“BRINDISI BENEDETTA”: Una lettura cristiana del ricordo dell’esodo albanese – di Davide Gigliola

In questi giorni la nostra città di Brindisi si ritrova alla ribalta della cronaca nazionale per il ricordo dello sbarco delle popolazioni albanesi (1991/2021). In tanti concittadini affiorano ricordi, racconti, esperienze di ciò che accadde nel marzo del 1991. Non voglio proporre un analisi storica, che pure è doveroso fare quando si ricorda un avvenimento, ma voglio offrire una lettura cristiana di quella pagina scritta ormai 30 anni fa.
In quel 7 marzo del 1991 la città fu raggiunta da navi cariche all’inverosibile di uomini che fuggivono dalla loro Patria, in preda al caos politico e ferita da una poverta’ inaccettabile. Sfidando il mare Adriatico raggiunsero la costa pugliese con la speranza di un domani migliore.

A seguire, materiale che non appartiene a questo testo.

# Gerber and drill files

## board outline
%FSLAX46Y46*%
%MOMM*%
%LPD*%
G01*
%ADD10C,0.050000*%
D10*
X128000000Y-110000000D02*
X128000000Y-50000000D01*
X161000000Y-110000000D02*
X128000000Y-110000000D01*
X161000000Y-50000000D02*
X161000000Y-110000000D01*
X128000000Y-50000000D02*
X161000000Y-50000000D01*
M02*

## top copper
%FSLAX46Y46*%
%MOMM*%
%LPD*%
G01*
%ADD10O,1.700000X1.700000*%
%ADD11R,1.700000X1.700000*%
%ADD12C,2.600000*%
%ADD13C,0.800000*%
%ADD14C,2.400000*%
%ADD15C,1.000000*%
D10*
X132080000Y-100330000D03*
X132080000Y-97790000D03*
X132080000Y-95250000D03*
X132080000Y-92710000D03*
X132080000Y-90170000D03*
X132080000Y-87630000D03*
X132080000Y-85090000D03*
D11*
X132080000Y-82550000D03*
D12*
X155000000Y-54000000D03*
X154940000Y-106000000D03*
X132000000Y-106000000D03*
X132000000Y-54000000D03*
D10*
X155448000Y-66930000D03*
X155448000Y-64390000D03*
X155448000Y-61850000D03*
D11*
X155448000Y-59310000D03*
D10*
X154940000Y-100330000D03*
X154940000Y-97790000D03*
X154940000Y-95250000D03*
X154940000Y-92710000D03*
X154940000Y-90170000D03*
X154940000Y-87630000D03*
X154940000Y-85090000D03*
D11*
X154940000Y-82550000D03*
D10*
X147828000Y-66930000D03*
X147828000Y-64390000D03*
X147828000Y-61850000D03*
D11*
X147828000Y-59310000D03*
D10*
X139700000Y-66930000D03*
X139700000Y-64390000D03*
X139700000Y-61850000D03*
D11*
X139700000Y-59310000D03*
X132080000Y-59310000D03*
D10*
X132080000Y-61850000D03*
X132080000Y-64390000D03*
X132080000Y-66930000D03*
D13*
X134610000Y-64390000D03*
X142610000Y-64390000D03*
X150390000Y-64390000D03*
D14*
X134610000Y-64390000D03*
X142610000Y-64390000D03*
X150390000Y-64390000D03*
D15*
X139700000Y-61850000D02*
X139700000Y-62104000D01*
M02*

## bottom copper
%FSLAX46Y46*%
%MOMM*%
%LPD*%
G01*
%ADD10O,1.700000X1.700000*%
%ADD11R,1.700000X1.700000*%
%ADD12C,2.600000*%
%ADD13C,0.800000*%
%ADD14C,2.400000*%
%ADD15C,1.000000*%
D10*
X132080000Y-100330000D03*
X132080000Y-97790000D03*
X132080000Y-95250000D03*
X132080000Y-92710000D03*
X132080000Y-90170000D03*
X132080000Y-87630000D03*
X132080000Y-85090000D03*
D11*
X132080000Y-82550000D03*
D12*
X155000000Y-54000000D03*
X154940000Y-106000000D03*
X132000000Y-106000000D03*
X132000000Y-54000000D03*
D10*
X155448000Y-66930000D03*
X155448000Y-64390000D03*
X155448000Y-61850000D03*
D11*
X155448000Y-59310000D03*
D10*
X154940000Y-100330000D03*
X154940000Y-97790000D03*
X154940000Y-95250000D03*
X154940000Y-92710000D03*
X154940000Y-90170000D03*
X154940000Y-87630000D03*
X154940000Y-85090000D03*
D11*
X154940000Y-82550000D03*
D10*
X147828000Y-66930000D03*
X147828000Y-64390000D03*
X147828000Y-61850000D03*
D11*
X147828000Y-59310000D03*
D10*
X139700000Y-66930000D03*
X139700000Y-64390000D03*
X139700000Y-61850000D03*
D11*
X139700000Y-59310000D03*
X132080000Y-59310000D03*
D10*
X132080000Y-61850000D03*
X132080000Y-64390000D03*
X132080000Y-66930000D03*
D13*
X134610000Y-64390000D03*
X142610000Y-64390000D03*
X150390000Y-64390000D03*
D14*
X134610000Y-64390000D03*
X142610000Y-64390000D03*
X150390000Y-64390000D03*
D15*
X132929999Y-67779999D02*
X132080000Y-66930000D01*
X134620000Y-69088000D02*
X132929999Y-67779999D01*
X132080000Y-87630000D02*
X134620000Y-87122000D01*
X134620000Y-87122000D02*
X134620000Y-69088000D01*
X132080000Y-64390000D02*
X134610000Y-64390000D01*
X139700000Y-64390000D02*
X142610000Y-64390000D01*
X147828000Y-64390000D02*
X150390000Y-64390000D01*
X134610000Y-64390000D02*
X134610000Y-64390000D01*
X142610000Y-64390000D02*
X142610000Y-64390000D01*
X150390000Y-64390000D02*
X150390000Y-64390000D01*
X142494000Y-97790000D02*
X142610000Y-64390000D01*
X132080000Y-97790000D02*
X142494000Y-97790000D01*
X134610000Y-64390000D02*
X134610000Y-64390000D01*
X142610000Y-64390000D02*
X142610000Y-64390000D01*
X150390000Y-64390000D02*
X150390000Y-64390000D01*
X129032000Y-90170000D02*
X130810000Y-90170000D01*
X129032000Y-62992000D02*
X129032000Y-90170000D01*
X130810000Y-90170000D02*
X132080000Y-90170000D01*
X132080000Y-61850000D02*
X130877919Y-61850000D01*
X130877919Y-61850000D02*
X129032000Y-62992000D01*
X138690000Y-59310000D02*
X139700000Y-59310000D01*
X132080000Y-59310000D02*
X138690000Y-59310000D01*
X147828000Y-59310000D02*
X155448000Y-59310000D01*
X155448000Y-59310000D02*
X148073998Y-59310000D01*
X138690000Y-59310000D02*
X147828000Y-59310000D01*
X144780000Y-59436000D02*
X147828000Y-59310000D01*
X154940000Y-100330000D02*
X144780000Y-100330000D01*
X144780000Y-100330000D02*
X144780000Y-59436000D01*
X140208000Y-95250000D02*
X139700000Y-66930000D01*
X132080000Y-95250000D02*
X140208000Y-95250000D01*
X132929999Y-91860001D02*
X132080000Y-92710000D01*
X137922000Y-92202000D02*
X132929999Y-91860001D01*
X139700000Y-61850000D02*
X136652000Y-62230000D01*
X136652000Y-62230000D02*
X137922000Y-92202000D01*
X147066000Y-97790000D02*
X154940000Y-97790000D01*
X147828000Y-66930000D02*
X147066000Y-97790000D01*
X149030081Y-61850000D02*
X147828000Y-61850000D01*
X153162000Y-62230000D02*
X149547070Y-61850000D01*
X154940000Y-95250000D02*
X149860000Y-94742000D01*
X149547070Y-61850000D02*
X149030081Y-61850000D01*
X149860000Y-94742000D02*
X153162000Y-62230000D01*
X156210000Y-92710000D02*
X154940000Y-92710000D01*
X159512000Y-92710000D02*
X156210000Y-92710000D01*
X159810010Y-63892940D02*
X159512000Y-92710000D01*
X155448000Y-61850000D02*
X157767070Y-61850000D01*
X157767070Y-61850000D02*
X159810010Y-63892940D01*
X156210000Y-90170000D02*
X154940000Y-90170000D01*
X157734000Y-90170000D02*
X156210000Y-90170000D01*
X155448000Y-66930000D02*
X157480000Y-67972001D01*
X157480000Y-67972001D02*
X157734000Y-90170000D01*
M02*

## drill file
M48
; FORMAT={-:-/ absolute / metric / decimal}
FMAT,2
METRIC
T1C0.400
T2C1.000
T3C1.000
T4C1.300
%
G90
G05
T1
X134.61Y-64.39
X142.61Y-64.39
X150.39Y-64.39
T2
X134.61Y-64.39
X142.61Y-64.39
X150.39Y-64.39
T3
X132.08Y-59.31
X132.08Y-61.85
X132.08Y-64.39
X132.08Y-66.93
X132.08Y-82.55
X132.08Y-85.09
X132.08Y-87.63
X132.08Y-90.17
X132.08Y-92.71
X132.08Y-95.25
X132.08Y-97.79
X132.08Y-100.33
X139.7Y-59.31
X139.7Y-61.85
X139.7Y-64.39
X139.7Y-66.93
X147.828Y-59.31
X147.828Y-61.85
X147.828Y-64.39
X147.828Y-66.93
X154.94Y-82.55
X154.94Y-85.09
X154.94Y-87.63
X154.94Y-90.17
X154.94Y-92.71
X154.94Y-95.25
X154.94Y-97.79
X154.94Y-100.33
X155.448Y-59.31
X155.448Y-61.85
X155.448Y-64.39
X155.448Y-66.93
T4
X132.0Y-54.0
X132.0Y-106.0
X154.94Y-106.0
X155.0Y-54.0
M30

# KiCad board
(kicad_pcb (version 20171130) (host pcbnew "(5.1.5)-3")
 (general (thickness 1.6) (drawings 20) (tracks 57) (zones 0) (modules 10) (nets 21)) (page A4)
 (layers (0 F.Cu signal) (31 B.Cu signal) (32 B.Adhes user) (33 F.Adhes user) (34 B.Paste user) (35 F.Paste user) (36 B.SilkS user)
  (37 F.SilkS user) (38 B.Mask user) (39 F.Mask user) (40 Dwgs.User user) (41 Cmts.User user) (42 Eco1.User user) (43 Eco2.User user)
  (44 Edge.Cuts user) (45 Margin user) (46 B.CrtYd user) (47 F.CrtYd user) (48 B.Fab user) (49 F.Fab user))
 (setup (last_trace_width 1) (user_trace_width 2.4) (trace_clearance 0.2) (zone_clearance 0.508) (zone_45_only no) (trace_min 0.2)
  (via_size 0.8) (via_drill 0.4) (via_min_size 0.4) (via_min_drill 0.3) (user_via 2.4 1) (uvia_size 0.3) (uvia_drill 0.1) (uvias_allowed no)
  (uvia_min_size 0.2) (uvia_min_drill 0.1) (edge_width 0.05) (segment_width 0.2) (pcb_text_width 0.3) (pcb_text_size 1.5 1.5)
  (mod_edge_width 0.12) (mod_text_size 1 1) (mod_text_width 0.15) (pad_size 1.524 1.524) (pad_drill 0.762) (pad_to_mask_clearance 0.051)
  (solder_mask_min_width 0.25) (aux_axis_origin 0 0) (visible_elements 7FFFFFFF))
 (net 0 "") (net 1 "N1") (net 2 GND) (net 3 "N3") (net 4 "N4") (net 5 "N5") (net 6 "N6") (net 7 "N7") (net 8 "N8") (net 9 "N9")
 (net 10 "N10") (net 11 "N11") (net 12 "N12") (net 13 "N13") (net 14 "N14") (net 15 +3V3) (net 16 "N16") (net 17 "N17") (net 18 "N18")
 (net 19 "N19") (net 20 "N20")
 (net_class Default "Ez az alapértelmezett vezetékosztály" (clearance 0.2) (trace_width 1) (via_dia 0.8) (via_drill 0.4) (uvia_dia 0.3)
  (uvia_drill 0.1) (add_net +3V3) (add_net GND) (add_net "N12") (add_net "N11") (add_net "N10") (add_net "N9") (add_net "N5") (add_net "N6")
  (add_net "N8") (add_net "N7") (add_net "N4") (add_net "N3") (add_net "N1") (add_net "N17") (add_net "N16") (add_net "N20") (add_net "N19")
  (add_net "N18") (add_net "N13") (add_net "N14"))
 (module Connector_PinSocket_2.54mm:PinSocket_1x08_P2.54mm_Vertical (layer F.Cu) (at 132.08 82.55)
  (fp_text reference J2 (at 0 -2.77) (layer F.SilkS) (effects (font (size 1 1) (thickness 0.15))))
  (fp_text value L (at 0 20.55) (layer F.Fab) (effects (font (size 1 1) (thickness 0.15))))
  (pad 8 thru_hole oval (at 0 17.78) (size 1.7 1.7) (drill 1) (layers *.Cu *.Mask) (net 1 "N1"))
  (pad 7 thru_hole oval (at 0 15.24) (size 1.7 1.7) (drill 1) (layers *.Cu *.Mask) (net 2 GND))
  (pad 6 thru_hole oval (at 0 12.7) (size 1.7 1.7) (drill 1) (layers *.Cu *.Mask) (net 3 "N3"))
  (pad 5 thru_hole oval (at 0 10.16) (size 1.7 1.7) (drill 1) (layers *.Cu *.Mask) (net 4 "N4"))
  (pad 4 thru_hole oval (at 0 7.62) (size 1.7 1.7) (drill 1) (layers *.Cu *.Mask) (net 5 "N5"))
  (pad 3 thru_hole oval (at 0 5.08) (size 1.7 1.7) (drill 1) (layers *.Cu *.Mask) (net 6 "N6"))
  (pad 2 thru_hole oval (at 0 2.54) (size 1.7 1.7) (drill 1) (layers *.Cu *.Mask) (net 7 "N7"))
  (pad 1 thru_hole rect (at 0 0) (size 1.7 1.7) (drill 1) (layers *.Cu *.Mask) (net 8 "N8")))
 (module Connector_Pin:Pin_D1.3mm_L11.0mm (layer F.Cu) (at 155 54)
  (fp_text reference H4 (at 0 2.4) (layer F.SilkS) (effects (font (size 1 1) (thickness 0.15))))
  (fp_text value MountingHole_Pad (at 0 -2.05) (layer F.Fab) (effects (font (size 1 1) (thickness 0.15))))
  (pad 1 thru_hole circle (at 0 0) (size 2.6 2.6) (drill 1.3) (layers *.Cu *.Mask) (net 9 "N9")))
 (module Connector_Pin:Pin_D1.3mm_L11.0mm (layer F.Cu) (at 154.94 106)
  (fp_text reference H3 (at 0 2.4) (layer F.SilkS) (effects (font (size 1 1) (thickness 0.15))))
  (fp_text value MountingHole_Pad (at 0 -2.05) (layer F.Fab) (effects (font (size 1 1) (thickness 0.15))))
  (pad 1 thru_hole circle (at 0 0) (size 2.6 2.6) (drill 1.3) (layers *.Cu *.Mask) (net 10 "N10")))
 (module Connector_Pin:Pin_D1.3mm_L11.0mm (layer F.Cu) (at 132 106)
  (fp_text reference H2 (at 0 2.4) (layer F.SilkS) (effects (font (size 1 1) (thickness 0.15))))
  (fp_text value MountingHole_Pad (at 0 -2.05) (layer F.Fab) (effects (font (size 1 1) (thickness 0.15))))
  (pad 1 thru_hole circle (at 0 0) (size 2.6 2.6) (drill 1.3) (layers *.Cu *.Mask) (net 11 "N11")))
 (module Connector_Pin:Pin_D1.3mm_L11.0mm (layer F.Cu) (at 132 54)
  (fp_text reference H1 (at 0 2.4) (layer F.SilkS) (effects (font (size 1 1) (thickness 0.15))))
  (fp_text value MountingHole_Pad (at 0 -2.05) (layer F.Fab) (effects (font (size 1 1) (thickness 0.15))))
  (pad 1 thru_hole circle (at 0 0) (size 2.6 2.6) (drill 1.3) (layers *.Cu *.Mask) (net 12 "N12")))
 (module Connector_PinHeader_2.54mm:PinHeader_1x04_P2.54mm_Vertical (layer F.Cu) (at 155.448 59.31)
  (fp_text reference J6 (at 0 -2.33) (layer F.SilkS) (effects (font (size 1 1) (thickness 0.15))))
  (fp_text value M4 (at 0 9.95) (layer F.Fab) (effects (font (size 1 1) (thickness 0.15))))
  (pad 4 thru_hole oval (at 0 7.62) (size 1.7 1.7) (drill 1) (layers *.Cu *.Mask) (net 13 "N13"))
  (pad 3 thru_hole oval (at 0 5.08) (size 1.7 1.7) (drill 1) (layers *.Cu *.Mask) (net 2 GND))
  (pad 2 thru_hole oval (at 0 2.54) (size 1.7 1.7) (drill 1) (layers *.Cu *.Mask) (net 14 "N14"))
  (pad 1 thru_hole rect (at 0 0) (size 1.7 1.7) (drill 1) (layers *.Cu *.Mask) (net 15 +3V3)))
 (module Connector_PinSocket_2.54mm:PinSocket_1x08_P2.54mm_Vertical (layer F.Cu) (at 154.94 82.55)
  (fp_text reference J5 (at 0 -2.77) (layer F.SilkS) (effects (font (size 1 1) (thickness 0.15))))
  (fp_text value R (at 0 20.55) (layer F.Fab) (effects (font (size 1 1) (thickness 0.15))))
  (pad 8 thru_hole oval (at 0 17.78) (size 1.7 1.7) (drill 1) (layers *.Cu *.Mask) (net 15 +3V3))
  (pad 7 thru_hole oval (at 0 15.24) (size 1.7 1.7) (drill 1) (layers *.Cu *.Mask) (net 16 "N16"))
  (pad 6 thru_hole oval (at 0 12.7) (size 1.7 1.7) (drill 1) (layers *.Cu *.Mask) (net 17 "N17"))
  (pad 5 thru_hole oval (at 0 10.16) (size 1.7 1.7) (drill 1) (layers *.Cu *.Mask) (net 14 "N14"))
  (pad 4 thru_hole oval (at 0 7.62) (size 1.7 1.7) (drill 1) (layers *.Cu *.Mask) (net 13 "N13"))
  (pad 3 thru_hole oval (at 0 5.08) (size 1.7 1.7) (drill 1) (layers *.Cu *.Mask) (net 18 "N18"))
  (pad 2 thru_hole oval (at 0 2.54) (size 1.7 1.7) (drill 1) (layers *.Cu *.Mask) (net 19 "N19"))
  (pad 1 thru_hole rect (at 0 0) (size 1.7 1.7) (drill 1) (layers *.Cu *.Mask) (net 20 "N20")))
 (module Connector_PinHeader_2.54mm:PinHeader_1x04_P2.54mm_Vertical (layer F.Cu) (at 147.828 59.31)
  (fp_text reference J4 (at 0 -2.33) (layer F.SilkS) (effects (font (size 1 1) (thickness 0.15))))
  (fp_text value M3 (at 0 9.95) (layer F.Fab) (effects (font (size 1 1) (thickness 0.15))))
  (pad 4 thru_hole oval (at 0 7.62) (size 1.7 1.7) (drill 1) (layers *.Cu *.Mask) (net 16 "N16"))
  (pad 3 thru_hole oval (at 0 5.08) (size 1.7 1.7) (drill 1) (layers *.Cu *.Mask) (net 2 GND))
  (pad 2 thru_hole oval (at 0 2.54) (size 1.7 1.7) (drill 1) (layers *.Cu *.Mask) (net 17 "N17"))
  (pad 1 thru_hole rect (at 0 0) (size 1.7 1.7) (drill 1) (layers *.Cu *.Mask) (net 15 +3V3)))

Di fronte a quell’esodo, Brindisi si dimostrò capace di rendere umano ciò che la natura dono’ al suo porto: accolse, sfamò, curò, lavò, vesti’, salvo’ quegli uomini che gridavano aiuto. Benedetta divenne l’acqua del nostro porto. La periferia (a dirla alla Papa Francesco) dell’Italia accoglieva la periferia dell’Europa.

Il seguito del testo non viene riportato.